• **Problem to work on**
Restate word for word the span of lines that opens with the line containing "X51602229Y-96674953D01*" and closes with the last line of the material. Include both ends and nothing more.

• **Information supplied**
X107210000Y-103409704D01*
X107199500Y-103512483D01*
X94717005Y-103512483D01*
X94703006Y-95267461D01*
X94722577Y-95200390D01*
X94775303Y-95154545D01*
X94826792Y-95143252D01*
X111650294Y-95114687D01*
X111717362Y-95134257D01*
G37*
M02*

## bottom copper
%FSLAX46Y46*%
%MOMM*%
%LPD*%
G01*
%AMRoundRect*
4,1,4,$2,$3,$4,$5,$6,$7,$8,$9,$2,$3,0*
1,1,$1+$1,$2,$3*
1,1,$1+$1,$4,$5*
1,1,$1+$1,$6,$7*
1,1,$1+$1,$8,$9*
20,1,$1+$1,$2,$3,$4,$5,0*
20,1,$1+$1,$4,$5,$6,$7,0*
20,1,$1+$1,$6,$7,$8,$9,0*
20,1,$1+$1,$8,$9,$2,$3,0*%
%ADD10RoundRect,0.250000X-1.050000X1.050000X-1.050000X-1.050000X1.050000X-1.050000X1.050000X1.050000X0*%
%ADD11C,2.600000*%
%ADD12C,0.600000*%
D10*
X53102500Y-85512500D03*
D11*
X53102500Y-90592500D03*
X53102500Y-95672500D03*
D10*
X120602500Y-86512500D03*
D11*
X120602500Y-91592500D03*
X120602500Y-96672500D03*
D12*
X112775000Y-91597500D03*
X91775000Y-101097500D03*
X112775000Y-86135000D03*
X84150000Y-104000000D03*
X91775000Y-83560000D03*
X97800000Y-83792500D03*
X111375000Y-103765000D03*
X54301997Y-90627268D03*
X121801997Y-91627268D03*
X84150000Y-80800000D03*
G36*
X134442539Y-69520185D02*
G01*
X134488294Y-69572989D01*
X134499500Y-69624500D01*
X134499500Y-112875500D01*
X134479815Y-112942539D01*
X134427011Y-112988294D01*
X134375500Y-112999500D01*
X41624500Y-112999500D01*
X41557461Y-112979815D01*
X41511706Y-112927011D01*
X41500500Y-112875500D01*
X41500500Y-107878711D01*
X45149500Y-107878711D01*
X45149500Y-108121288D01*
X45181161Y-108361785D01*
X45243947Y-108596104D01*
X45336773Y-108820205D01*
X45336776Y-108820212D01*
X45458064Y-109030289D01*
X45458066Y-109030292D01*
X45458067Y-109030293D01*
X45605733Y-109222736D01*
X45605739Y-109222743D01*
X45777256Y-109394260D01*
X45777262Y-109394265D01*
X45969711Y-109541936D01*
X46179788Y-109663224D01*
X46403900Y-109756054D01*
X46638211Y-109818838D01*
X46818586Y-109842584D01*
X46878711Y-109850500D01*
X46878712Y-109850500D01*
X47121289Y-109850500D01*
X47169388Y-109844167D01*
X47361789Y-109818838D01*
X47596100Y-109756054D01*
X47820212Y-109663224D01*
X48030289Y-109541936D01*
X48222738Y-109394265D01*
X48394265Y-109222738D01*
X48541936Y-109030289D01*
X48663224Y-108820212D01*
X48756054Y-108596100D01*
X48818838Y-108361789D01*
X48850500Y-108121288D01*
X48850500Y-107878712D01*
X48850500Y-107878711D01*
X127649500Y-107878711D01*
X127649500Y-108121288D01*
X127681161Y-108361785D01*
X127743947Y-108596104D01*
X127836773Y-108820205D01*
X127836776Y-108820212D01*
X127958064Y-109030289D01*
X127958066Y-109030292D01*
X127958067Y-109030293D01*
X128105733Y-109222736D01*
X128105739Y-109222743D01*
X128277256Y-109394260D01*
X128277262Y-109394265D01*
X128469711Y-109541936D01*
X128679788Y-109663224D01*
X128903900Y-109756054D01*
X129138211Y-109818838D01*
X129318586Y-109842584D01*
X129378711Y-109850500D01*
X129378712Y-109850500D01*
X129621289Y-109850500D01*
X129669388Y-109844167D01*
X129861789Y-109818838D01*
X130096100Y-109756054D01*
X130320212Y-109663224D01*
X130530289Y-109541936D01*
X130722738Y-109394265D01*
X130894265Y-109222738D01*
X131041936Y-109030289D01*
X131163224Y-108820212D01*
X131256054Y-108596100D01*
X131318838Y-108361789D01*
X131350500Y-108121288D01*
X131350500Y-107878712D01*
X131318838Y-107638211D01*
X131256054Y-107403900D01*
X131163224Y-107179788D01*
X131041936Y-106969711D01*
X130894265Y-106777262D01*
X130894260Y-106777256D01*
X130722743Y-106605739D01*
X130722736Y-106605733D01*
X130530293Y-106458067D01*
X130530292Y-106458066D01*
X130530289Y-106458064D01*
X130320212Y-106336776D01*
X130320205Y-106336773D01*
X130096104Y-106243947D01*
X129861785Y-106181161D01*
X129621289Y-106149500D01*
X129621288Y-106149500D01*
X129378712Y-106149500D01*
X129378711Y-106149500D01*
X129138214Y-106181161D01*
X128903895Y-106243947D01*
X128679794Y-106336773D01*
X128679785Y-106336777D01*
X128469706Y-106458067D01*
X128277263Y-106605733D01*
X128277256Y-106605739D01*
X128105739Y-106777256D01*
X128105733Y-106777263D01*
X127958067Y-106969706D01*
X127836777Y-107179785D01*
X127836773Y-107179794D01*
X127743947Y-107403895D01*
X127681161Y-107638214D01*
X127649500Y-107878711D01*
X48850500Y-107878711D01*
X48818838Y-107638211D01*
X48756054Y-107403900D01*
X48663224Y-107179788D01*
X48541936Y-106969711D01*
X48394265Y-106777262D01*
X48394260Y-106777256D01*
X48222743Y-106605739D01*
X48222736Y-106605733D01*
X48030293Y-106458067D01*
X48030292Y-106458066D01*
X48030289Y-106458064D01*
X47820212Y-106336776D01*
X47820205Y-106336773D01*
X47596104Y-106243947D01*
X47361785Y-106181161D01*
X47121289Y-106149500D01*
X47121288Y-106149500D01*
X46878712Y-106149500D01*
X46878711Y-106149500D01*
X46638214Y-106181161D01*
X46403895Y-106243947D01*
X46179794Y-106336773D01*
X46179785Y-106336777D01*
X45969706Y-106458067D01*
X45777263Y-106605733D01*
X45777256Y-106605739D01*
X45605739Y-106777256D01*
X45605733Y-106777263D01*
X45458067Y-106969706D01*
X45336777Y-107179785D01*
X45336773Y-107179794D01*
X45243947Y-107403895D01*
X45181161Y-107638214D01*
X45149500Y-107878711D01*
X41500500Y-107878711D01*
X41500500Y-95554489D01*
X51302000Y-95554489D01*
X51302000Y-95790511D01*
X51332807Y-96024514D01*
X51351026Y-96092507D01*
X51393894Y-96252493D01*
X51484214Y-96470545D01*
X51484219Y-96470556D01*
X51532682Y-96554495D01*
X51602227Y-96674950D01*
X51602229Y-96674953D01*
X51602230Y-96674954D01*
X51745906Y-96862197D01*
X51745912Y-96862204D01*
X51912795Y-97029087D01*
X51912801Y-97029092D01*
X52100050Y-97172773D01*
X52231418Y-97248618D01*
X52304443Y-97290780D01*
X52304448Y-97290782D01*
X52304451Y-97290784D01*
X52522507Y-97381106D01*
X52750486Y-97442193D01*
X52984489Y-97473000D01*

• **Problem solution**
X51602229Y-96674953D01*
X51602230Y-96674954D01*
X51745906Y-96862197D01*
X51745912Y-96862204D01*
X51912795Y-97029087D01*
X51912801Y-97029092D01*
X52100050Y-97172773D01*
X52231418Y-97248618D01*
X52304443Y-97290780D01*
X52304448Y-97290782D01*
X52304451Y-97290784D01*
X52522507Y-97381106D01*
X52750486Y-97442193D01*
X52984489Y-97473000D01*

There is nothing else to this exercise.